Question 3.5.2: Determine the inductance of the actuator shown in Fig. 3.29....

We follow the same analysis as in the previous example. First, apply Eq. (3.138) to a path around the actuator circuit (dotted line) assuming that H is parallel to the path. This gives

Eq. (3.138): \oint_{c}H· dl = I_{tot},

\oint_{c} H · dl = ni

or

H_{c}l_{c} + 2H_{g} x = ni.        (3.166)

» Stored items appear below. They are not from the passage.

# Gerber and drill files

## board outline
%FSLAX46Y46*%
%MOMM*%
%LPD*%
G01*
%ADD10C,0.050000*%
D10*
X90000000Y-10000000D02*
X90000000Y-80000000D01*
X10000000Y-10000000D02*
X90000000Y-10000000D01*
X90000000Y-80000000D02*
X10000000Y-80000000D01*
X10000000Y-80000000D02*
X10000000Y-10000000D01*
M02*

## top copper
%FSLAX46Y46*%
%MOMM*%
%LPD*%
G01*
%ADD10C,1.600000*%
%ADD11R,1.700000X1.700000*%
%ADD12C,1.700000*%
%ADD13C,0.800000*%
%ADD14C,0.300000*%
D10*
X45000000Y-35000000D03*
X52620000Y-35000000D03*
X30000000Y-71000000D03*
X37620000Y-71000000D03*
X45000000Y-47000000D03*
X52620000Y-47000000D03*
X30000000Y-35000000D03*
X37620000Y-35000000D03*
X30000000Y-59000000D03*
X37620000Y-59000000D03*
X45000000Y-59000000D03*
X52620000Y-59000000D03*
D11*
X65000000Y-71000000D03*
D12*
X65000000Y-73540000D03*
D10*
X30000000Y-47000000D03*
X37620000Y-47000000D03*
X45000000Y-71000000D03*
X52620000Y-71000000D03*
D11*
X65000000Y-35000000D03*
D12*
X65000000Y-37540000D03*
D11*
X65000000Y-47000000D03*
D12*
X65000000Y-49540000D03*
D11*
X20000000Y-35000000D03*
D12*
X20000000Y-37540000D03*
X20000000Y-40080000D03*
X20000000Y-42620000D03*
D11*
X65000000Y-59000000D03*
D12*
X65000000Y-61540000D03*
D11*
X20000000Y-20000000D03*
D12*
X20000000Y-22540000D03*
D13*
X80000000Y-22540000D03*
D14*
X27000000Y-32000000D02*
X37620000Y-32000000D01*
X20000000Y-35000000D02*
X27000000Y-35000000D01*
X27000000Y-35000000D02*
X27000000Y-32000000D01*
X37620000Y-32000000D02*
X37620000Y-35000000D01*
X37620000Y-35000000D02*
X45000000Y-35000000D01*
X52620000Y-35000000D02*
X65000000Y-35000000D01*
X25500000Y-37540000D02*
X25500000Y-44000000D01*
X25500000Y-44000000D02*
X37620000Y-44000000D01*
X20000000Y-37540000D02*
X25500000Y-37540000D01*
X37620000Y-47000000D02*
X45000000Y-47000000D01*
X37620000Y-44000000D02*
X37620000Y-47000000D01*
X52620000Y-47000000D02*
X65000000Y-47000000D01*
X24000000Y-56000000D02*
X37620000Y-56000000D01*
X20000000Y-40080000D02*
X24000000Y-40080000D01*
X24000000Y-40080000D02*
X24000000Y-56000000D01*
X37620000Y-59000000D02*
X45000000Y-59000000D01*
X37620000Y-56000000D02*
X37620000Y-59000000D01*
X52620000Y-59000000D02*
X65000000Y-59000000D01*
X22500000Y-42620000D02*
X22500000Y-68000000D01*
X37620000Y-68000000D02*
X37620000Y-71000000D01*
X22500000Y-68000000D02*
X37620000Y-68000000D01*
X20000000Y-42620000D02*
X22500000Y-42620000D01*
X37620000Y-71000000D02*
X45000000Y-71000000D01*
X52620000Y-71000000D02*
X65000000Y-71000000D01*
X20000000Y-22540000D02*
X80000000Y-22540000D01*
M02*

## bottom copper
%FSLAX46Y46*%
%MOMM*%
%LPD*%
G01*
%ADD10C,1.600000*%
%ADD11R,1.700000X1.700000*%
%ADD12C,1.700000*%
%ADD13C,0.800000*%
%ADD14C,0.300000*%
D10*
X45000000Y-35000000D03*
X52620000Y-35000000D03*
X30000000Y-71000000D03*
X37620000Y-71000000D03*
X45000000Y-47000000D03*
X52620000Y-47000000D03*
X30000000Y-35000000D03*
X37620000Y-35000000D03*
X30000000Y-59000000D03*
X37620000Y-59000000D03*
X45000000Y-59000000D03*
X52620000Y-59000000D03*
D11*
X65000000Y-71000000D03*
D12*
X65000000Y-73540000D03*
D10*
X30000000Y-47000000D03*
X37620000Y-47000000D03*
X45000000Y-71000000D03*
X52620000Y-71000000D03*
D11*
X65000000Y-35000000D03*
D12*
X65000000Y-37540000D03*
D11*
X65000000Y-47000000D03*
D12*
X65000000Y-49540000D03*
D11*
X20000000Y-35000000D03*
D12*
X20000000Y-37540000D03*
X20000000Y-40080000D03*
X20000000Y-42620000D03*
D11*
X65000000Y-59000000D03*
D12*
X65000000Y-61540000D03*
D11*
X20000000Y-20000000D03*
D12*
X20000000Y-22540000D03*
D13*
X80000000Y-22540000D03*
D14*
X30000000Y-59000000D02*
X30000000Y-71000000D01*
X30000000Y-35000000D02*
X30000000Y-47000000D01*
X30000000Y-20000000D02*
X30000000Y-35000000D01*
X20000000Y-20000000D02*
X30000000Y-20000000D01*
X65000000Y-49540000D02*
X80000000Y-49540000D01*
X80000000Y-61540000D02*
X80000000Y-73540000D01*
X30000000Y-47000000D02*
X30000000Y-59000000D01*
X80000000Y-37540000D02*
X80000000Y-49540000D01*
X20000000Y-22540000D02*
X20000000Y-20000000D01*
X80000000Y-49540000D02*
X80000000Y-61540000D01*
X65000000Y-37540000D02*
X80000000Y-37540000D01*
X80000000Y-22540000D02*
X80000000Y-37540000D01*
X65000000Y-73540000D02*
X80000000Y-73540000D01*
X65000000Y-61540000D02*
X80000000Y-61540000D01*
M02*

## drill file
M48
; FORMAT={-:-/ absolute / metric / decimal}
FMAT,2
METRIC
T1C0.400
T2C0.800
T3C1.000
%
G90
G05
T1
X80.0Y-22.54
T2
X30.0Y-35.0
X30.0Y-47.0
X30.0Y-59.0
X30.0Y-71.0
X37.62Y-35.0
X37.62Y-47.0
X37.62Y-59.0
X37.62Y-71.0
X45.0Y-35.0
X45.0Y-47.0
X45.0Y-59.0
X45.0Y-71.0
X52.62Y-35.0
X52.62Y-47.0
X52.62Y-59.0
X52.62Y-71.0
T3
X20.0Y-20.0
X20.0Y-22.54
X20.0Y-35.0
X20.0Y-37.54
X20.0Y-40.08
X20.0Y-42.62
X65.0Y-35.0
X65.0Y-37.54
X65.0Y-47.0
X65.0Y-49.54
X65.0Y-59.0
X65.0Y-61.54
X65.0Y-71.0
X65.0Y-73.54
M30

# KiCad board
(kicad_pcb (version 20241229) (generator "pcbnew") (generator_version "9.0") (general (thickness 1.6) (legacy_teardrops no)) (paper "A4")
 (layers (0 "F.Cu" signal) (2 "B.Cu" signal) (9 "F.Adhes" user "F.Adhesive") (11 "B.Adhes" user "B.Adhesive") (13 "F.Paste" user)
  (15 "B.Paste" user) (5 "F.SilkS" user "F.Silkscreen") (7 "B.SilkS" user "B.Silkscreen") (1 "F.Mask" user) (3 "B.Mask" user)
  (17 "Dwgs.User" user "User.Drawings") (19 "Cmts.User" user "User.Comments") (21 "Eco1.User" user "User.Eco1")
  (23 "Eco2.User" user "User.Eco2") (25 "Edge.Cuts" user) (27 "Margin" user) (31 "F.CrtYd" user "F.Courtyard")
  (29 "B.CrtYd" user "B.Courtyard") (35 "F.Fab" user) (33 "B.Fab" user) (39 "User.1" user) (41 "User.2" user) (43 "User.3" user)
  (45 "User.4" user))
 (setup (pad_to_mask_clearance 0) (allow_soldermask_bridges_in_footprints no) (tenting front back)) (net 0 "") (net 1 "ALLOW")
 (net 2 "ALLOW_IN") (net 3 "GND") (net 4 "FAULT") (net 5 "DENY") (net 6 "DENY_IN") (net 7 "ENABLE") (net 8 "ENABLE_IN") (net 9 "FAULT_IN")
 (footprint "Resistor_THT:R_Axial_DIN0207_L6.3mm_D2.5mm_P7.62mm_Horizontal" (layer "F.Cu") (at 45 35)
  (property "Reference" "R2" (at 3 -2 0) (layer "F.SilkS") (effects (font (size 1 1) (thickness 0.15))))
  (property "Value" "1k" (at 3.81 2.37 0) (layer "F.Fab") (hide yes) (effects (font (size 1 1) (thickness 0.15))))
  (pad "1" thru_hole circle (at 0 0) (size 1.6 1.6) (drill 0.8) (layers "*.Cu" "*.Mask") (remove_unused_layers no) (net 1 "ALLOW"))
  (pad "2" thru_hole circle (at 7.62 0) (size 1.6 1.6) (drill 0.8) (layers "*.Cu" "*.Mask") (remove_unused_layers no) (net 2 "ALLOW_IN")))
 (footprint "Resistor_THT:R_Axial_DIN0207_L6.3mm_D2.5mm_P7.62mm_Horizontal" (layer "F.Cu") (at 30 71)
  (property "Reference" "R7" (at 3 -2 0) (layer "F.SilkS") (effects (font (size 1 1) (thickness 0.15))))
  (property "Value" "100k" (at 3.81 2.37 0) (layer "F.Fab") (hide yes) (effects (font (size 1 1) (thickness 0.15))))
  (pad "1" thru_hole circle (at 0 0) (size 1.6 1.6) (drill 0.8) (layers "*.Cu" "*.Mask") (remove_unused_layers no) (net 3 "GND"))
  (pad "2" thru_hole circle (at 7.62 0) (size 1.6 1.6) (drill 0.8) (layers "*.Cu" "*.Mask") (remove_unused_layers no) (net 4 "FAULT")))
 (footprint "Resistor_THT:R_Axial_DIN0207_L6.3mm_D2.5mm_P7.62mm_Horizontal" (layer "F.Cu") (at 45 47)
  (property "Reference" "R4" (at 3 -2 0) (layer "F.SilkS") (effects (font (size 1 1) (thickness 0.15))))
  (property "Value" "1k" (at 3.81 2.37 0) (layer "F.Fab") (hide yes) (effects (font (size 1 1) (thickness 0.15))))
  (pad "1" thru_hole circle (at 0 0) (size 1.6 1.6) (drill 0.8) (layers "*.Cu" "*.Mask") (remove_unused_layers no) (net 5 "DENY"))
  (pad "2" thru_hole circle (at 7.62 0) (size 1.6 1.6) (drill 0.8) (layers "*.Cu" "*.Mask") (remove_unused_layers no) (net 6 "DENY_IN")))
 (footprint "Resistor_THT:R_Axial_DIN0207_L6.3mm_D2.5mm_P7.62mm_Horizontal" (layer "F.Cu") (at 30 35)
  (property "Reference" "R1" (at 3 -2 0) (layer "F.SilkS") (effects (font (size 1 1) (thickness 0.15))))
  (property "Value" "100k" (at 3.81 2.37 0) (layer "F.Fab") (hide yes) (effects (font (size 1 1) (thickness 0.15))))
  (pad "1" thru_hole circle (at 0 0) (size 1.6 1.6) (drill 0.8) (layers "*.Cu" "*.Mask") (remove_unused_layers no) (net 3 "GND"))
  (pad "2" thru_hole circle (at 7.62 0) (size 1.6 1.6) (drill 0.8) (layers "*.Cu" "*.Mask") (remove_unused_layers no) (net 1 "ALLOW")))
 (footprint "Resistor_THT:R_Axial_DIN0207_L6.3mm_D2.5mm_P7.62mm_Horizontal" (layer "F.Cu") (at 30 59)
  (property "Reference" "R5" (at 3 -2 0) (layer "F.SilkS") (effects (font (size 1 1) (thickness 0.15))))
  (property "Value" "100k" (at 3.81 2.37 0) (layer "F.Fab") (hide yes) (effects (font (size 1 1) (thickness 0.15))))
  (pad "1" thru_hole circle (at 0 0) (size 1.6 1.6) (drill 0.8) (layers "*.Cu" "*.Mask") (remove_unused_layers no) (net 3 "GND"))
  (pad "2" thru_hole circle (at 7.62 0) (size 1.6 1.6) (drill 0.8) (layers "*.Cu" "*.Mask") (remove_unused_layers no) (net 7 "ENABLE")))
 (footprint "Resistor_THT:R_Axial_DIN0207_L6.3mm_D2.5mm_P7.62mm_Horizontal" (layer "F.Cu") (at 45 59)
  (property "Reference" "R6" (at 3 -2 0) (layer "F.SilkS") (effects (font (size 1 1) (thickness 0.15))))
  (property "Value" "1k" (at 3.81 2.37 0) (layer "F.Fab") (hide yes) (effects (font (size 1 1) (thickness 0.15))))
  (pad "1" thru_hole circle (at 0 0) (size 1.6 1.6) (drill 0.8) (layers "*.Cu" "*.Mask") (remove_unused_layers no) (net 7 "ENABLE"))
  (pad "2" thru_hole circle (at 7.62 0) (size 1.6 1.6) (drill 0.8) (layers "*.Cu" "*.Mask") (remove_unused_layers no) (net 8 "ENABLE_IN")))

Next, apply Eq. (3.139) at the core-gap interface assuming that Φ_{c} = Φ_{g},

Eq. (3.139): \oint_{s} B· ds = 0.

B_{c}A_{c} = B_{g} A_{g}    (no fringing flux at gap),    (3.167)

Substitute Eq. (3.167) into Eq. (3.166) with B_{c} = μH_{c} and B_{g} = μ_{o}H_{g}, and obtain

B_{g} = \frac{ni}{(A_{g}/A_{c})(l_{c} /μ)+ (2x/μ_{o})}

= \frac{μ_{o} ni}{(A_{g}/A_{c})(μ_{o}/μ) l_{c} + 2x}.

The flux through the circuit is Φ = B_{g}A_{g} . Therefore,

Φ  = \frac{μ_{o} ni A_{g}}{(A_{g}/A_{c})(μ_{o}/μ) l_{c} + 2x}.

We are interested in the inductance of the coil. This can be determined from the flux linkage ∧. Because the flux Φ passes through each turn of the coil, the flux linkage is ∧ = nΦ The inductance follows from Eq. (3.78), and is given by

Eq. (3.78): L = \frac{∧}{I}

L = \frac{∧}{i}

= \frac{μ_{o} n^{2} A_{g}}{(A_{g}/A_{c})(μ_{o}/μ)l_{c} + 2x}.           (3.169)

Notice that the inductance in a function of the gap spacing x, L = L(x). Because  μ_{o}/μ << 1, we can estimate the inductance using

L(x) ≈ \frac{μ_{o} n^{2} A_{g}}{2x}